WORK ORDER:
Your answer consists of the lines in the data that contain "zones". Copy each of them.

DATA UNDER STUDY section start

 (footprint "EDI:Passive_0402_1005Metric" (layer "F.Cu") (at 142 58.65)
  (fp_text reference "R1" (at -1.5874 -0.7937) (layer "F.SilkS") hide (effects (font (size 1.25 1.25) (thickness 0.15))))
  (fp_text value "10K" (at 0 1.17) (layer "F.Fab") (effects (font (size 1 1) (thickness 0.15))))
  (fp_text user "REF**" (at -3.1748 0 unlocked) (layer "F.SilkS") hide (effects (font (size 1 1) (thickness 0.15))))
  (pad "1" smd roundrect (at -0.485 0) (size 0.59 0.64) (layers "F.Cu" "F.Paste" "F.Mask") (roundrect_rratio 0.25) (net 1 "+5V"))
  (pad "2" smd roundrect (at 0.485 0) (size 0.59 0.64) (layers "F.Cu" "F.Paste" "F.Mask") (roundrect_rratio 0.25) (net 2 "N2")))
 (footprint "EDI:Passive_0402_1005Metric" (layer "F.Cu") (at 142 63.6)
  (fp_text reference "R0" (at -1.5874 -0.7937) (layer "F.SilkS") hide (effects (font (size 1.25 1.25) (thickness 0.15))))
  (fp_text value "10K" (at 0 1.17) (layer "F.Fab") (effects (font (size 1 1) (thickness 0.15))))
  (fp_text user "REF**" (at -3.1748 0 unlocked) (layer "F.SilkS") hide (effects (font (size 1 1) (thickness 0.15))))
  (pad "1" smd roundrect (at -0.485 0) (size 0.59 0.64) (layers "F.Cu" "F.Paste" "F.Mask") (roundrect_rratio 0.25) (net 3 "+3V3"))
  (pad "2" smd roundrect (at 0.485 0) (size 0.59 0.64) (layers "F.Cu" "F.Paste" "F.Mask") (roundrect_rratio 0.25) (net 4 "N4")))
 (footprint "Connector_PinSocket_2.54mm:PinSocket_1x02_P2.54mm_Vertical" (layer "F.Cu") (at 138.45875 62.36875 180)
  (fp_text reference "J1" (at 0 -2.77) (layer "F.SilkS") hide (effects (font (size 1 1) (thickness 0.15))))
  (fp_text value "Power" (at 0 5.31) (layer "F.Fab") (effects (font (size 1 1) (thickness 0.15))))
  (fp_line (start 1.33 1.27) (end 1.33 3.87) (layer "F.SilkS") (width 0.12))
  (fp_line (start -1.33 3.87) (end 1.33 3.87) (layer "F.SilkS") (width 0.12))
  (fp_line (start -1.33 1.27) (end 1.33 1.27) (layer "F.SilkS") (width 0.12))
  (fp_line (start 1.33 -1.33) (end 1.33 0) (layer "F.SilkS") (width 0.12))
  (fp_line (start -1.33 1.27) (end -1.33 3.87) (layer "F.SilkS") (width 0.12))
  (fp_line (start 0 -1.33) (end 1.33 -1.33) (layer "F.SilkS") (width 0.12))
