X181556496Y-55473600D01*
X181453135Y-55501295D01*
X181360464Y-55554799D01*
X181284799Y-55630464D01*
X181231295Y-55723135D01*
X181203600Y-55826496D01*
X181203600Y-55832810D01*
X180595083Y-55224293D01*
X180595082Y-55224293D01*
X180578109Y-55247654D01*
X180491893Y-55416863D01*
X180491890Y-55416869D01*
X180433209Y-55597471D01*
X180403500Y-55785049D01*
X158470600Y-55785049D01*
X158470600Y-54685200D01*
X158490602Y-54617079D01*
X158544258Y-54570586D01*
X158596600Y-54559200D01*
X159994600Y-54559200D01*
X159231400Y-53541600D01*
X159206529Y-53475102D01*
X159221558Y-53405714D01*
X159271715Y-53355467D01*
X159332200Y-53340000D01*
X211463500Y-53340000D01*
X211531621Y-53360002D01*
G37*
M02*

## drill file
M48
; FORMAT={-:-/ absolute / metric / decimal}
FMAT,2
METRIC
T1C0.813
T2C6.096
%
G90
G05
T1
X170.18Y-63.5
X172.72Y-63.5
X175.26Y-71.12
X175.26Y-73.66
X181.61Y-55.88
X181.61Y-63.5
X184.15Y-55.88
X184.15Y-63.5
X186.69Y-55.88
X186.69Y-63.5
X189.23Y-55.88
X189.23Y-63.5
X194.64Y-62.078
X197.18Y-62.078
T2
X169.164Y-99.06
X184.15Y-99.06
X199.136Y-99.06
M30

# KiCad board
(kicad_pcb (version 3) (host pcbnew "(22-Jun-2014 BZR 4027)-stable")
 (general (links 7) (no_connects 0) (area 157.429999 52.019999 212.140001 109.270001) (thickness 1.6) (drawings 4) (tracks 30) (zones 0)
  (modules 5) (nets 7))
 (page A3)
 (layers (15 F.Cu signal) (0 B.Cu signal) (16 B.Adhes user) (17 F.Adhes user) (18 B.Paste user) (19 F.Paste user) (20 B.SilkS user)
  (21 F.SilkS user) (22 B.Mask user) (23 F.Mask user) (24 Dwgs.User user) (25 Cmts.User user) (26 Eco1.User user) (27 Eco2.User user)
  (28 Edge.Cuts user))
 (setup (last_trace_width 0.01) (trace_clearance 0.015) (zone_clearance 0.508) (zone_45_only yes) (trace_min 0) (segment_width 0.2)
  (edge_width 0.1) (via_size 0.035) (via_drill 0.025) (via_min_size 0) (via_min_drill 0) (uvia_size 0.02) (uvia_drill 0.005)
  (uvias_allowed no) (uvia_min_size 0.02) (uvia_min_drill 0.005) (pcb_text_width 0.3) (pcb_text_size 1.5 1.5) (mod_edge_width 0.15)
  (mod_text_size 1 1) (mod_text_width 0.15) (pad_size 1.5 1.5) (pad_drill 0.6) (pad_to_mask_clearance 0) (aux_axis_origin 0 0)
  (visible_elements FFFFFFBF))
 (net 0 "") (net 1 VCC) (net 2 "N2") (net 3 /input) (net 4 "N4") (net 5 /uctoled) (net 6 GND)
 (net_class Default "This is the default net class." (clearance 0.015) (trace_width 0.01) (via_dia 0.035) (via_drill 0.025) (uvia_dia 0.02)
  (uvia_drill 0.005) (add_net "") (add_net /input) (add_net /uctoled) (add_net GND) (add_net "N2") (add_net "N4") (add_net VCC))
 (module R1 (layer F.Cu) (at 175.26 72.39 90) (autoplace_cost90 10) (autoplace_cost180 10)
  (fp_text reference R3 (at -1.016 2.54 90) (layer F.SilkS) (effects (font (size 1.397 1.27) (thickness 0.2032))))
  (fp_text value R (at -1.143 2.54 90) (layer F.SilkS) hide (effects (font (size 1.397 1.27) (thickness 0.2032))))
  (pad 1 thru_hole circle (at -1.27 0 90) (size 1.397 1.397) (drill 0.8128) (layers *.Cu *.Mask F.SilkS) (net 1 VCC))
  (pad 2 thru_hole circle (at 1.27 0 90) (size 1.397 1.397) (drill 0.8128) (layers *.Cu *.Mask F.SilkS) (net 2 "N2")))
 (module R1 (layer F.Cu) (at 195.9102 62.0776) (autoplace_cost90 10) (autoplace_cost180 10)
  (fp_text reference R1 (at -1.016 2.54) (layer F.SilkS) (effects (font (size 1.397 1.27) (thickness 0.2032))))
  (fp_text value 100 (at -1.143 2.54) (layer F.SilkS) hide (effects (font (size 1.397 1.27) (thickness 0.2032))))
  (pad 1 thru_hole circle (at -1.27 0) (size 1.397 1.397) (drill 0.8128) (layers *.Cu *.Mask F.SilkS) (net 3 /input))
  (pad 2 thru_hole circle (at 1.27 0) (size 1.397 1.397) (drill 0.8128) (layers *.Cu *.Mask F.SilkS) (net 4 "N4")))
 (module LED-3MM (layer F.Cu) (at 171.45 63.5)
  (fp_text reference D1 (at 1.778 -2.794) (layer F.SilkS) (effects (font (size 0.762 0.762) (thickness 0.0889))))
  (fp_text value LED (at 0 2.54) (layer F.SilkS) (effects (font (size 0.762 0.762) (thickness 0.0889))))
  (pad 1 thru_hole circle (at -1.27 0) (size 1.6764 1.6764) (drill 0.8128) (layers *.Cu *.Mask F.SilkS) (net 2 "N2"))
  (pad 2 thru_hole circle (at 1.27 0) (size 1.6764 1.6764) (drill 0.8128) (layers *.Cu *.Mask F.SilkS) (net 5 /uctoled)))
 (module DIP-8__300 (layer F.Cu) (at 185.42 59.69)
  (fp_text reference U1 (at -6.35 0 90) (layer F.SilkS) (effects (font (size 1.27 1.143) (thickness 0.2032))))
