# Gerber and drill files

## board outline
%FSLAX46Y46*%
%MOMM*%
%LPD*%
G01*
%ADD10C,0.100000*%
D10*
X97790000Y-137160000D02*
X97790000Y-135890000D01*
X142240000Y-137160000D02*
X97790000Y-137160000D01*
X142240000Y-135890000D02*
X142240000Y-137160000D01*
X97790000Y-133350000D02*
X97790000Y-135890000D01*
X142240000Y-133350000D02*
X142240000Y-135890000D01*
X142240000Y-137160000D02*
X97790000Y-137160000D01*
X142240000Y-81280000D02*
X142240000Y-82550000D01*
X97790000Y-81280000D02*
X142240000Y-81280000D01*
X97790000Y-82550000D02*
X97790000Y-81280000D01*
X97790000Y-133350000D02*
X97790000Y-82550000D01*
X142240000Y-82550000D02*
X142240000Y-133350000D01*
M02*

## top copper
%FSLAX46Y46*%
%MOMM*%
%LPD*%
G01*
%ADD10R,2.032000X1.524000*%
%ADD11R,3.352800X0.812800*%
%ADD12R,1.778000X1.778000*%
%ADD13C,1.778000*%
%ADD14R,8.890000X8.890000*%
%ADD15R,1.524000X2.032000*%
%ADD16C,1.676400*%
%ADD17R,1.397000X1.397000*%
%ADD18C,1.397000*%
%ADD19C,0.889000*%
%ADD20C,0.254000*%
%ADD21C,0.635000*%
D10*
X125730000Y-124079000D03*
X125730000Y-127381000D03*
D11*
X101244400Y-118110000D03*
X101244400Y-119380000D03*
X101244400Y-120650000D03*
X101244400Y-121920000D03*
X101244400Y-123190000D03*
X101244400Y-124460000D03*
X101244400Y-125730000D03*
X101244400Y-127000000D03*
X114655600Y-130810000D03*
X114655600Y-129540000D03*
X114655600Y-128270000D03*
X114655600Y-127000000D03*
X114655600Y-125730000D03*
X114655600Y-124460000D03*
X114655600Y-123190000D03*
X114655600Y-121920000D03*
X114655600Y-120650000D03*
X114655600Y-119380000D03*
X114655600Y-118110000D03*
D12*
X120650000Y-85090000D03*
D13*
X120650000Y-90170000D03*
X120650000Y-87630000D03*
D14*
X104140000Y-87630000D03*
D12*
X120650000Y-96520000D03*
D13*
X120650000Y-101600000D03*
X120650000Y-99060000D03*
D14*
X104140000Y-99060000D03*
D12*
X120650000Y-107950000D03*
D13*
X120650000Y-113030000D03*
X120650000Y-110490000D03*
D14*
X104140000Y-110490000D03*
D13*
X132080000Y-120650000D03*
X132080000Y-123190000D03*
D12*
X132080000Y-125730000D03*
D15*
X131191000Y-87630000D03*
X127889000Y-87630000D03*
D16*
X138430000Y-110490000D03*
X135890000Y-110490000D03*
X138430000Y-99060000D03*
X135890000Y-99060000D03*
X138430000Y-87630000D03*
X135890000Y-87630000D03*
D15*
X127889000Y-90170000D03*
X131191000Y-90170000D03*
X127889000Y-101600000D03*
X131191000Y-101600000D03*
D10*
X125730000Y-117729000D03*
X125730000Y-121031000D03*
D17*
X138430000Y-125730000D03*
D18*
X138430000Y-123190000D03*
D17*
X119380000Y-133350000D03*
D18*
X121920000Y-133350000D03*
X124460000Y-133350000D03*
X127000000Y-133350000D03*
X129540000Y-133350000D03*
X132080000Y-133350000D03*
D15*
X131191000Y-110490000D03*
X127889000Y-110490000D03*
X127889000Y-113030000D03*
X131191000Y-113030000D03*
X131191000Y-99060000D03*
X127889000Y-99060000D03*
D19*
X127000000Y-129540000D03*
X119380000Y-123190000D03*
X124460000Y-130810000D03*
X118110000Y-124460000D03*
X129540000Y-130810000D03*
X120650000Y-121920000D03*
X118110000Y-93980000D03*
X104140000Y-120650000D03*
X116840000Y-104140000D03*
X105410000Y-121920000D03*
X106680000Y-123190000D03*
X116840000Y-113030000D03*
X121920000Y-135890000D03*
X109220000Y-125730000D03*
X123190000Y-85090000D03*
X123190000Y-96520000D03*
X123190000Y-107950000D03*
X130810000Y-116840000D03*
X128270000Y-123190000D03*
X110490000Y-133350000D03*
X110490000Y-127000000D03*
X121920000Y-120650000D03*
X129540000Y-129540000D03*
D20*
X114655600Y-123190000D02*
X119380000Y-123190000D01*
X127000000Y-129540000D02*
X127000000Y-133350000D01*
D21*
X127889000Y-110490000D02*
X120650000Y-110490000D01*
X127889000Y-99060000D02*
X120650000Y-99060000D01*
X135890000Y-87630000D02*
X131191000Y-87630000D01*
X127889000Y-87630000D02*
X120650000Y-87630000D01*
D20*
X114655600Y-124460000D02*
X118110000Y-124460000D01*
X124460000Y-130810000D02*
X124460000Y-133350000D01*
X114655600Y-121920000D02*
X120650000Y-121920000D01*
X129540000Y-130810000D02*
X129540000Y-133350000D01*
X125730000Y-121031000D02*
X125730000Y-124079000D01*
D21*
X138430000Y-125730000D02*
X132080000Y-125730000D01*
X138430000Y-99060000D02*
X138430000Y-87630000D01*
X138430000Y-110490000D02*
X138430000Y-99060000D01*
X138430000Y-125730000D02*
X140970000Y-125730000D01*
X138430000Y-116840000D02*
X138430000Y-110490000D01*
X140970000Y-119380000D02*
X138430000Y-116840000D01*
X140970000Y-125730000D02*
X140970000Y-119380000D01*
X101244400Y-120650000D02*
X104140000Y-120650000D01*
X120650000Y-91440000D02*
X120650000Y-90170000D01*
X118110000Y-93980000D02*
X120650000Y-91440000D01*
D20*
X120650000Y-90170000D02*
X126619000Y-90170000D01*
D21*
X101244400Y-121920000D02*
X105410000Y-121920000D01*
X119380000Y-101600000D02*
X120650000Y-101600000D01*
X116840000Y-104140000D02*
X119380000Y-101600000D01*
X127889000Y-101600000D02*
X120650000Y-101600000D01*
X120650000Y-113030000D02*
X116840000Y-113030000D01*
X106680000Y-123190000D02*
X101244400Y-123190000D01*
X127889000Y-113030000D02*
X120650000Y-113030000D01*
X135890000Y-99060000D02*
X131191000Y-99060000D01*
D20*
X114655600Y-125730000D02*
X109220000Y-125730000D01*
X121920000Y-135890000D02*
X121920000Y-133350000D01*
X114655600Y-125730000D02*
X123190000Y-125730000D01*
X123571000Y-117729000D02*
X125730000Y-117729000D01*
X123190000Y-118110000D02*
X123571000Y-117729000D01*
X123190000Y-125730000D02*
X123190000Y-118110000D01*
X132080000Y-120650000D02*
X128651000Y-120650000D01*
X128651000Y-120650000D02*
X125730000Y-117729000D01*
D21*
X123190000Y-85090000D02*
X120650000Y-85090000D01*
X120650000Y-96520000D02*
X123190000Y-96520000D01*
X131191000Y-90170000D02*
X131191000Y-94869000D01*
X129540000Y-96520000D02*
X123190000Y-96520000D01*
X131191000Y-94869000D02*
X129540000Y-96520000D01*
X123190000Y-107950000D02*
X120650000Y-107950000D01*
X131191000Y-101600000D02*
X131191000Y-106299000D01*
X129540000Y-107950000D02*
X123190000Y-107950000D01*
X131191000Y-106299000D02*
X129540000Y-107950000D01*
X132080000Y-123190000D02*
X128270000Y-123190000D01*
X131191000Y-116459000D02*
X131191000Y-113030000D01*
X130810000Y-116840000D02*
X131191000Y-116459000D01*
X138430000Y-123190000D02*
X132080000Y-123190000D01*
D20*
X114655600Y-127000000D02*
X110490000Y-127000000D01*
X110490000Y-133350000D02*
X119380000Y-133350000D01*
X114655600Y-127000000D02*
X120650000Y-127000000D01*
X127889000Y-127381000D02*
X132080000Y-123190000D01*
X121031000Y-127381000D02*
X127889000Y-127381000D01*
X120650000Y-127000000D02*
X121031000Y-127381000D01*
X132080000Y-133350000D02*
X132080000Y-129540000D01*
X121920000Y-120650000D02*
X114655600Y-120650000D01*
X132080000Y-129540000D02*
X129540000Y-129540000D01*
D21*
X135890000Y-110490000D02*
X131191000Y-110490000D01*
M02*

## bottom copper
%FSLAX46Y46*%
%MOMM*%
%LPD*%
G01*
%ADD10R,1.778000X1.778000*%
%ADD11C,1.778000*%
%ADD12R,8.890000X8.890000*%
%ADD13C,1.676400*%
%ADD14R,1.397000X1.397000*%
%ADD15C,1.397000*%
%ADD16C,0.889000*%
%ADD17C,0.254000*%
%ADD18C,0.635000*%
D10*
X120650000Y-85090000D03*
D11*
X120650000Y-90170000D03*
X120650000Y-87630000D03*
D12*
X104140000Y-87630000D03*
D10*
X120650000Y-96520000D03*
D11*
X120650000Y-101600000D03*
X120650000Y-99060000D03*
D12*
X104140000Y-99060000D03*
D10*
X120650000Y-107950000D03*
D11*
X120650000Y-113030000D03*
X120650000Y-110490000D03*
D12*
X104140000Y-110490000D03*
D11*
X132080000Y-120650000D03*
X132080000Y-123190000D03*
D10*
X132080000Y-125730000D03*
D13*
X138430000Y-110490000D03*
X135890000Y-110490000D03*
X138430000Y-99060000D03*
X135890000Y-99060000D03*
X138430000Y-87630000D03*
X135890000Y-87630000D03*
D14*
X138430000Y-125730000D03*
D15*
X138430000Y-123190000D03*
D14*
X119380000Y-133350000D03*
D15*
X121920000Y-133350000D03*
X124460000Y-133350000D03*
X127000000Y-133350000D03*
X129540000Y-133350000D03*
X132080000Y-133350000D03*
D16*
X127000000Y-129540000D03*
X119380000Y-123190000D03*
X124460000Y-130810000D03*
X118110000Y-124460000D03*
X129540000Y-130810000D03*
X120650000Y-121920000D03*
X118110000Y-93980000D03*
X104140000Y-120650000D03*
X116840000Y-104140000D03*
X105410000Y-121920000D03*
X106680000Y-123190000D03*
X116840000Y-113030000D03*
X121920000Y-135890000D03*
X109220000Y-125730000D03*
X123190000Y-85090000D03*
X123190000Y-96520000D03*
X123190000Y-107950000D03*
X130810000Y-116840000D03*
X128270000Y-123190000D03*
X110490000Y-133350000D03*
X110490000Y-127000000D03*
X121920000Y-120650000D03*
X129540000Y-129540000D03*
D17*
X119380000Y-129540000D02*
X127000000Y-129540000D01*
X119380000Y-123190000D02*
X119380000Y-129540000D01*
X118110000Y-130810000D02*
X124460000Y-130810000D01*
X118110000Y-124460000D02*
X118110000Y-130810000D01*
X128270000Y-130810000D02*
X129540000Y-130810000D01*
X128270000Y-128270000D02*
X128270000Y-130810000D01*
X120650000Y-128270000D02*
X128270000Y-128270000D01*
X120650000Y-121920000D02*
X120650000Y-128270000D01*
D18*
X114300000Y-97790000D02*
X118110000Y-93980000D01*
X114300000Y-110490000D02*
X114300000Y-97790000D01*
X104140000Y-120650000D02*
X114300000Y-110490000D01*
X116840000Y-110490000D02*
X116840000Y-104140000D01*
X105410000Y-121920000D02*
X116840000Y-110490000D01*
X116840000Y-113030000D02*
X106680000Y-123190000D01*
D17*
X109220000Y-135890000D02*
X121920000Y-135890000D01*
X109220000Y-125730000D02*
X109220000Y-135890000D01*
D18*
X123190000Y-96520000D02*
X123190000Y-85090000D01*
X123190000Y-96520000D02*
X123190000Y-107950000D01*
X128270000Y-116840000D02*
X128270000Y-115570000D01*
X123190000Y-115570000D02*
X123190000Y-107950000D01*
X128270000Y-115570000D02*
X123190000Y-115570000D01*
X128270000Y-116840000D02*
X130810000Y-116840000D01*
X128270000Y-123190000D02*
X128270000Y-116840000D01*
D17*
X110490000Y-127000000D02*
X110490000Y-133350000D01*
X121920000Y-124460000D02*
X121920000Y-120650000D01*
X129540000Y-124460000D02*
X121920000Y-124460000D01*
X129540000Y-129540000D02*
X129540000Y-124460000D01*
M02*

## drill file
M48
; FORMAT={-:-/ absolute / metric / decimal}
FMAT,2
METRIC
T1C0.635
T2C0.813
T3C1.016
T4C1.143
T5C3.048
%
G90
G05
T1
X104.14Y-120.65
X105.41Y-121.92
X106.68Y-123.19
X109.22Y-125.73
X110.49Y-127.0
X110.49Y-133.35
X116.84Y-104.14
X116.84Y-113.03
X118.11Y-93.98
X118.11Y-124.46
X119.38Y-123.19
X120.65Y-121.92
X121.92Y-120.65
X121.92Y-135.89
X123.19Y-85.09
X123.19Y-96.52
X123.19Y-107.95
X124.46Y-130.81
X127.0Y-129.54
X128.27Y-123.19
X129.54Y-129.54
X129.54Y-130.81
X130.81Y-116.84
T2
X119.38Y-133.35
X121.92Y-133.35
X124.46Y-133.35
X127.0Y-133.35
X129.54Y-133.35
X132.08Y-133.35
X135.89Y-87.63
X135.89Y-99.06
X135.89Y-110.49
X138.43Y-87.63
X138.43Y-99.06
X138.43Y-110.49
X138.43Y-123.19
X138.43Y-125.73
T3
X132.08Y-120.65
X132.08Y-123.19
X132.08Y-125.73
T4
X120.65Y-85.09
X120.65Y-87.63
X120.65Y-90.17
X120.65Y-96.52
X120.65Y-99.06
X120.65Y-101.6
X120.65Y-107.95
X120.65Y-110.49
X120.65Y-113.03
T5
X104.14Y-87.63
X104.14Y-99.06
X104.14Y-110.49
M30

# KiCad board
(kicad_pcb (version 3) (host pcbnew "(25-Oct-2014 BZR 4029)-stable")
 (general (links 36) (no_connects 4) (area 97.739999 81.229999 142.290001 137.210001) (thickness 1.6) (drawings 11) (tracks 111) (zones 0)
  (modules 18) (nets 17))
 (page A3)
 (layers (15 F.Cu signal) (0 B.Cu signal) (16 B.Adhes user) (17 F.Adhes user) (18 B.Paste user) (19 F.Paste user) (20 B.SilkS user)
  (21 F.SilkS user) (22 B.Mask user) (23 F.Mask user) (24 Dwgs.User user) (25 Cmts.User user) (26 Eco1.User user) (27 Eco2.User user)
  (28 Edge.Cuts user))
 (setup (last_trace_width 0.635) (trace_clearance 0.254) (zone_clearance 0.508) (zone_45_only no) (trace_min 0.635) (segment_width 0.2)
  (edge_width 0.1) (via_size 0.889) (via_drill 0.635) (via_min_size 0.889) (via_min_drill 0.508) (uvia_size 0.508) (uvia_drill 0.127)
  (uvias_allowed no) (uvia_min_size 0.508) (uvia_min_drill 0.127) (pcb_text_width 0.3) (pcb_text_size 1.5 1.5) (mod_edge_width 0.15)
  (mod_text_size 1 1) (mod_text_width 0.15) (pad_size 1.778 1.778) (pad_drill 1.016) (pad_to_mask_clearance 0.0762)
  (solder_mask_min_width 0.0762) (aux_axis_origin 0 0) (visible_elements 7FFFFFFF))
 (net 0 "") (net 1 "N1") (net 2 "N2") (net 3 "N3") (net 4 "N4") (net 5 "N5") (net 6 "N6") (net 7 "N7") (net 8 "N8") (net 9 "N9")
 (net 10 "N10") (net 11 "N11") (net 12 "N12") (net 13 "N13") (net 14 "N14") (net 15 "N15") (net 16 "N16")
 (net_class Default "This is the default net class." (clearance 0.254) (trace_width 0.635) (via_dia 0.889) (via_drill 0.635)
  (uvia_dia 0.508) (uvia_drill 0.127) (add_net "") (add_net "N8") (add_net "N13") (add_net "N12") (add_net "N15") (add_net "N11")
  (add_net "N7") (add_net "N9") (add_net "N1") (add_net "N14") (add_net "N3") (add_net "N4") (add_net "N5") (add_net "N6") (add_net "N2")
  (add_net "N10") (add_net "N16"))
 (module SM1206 (layer F.Cu) (at 125.73 125.73 270)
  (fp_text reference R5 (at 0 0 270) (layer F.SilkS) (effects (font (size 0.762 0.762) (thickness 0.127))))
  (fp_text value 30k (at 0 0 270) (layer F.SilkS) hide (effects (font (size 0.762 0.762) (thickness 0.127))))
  (pad 1 smd rect (at -1.651 0 270) (size 1.524 2.032) (layers F.Cu F.Paste F.Mask) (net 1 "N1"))
  (pad 2 smd rect (at 1.651 0 270) (size 1.524 2.032) (layers F.Cu F.Paste F.Mask) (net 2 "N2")))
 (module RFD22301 (layer F.Cu) (at 106.68 125.73)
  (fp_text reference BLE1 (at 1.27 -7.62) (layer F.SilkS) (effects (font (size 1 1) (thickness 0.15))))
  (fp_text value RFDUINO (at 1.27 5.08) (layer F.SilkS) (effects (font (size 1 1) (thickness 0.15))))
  (pad 1 smd rect (at -5.4356 -7.62) (size 3.3528 0.8128) (layers F.Cu F.Paste F.Mask))
  (pad 2 smd rect (at -5.4356 -6.35) (size 3.3528 0.8128) (layers F.Cu F.Paste F.Mask))
  (pad 3 smd rect (at -5.4356 -5.08) (size 3.3528 0.8128) (layers F.Cu F.Paste F.Mask) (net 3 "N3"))
  (pad 4 smd rect (at -5.4356 -3.81) (size 3.3528 0.8128) (layers F.Cu F.Paste F.Mask) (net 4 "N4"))
  (pad 5 smd rect (at -5.4356 -2.54) (size 3.3528 0.8128) (layers F.Cu F.Paste F.Mask) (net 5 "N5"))
  (pad 6 smd rect (at -5.4356 -1.27) (size 3.3528 0.8128) (layers F.Cu F.Paste F.Mask) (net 1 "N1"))
  (pad 7 smd rect (at -5.4356 0) (size 3.3528 0.8128) (layers F.Cu F.Paste F.Mask))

DATA UNDER STUDY section end

EXERCISE OUTPUT:
 (general (links 7) (no_connects 0) (area 157.429999 52.019999 212.140001 109.270001) (thickness 1.6) (drawings 4) (tracks 30) (zones 0)
 (general (links 36) (no_connects 4) (area 97.739999 81.229999 142.290001 137.210001) (thickness 1.6) (drawings 11) (tracks 111) (zones 0)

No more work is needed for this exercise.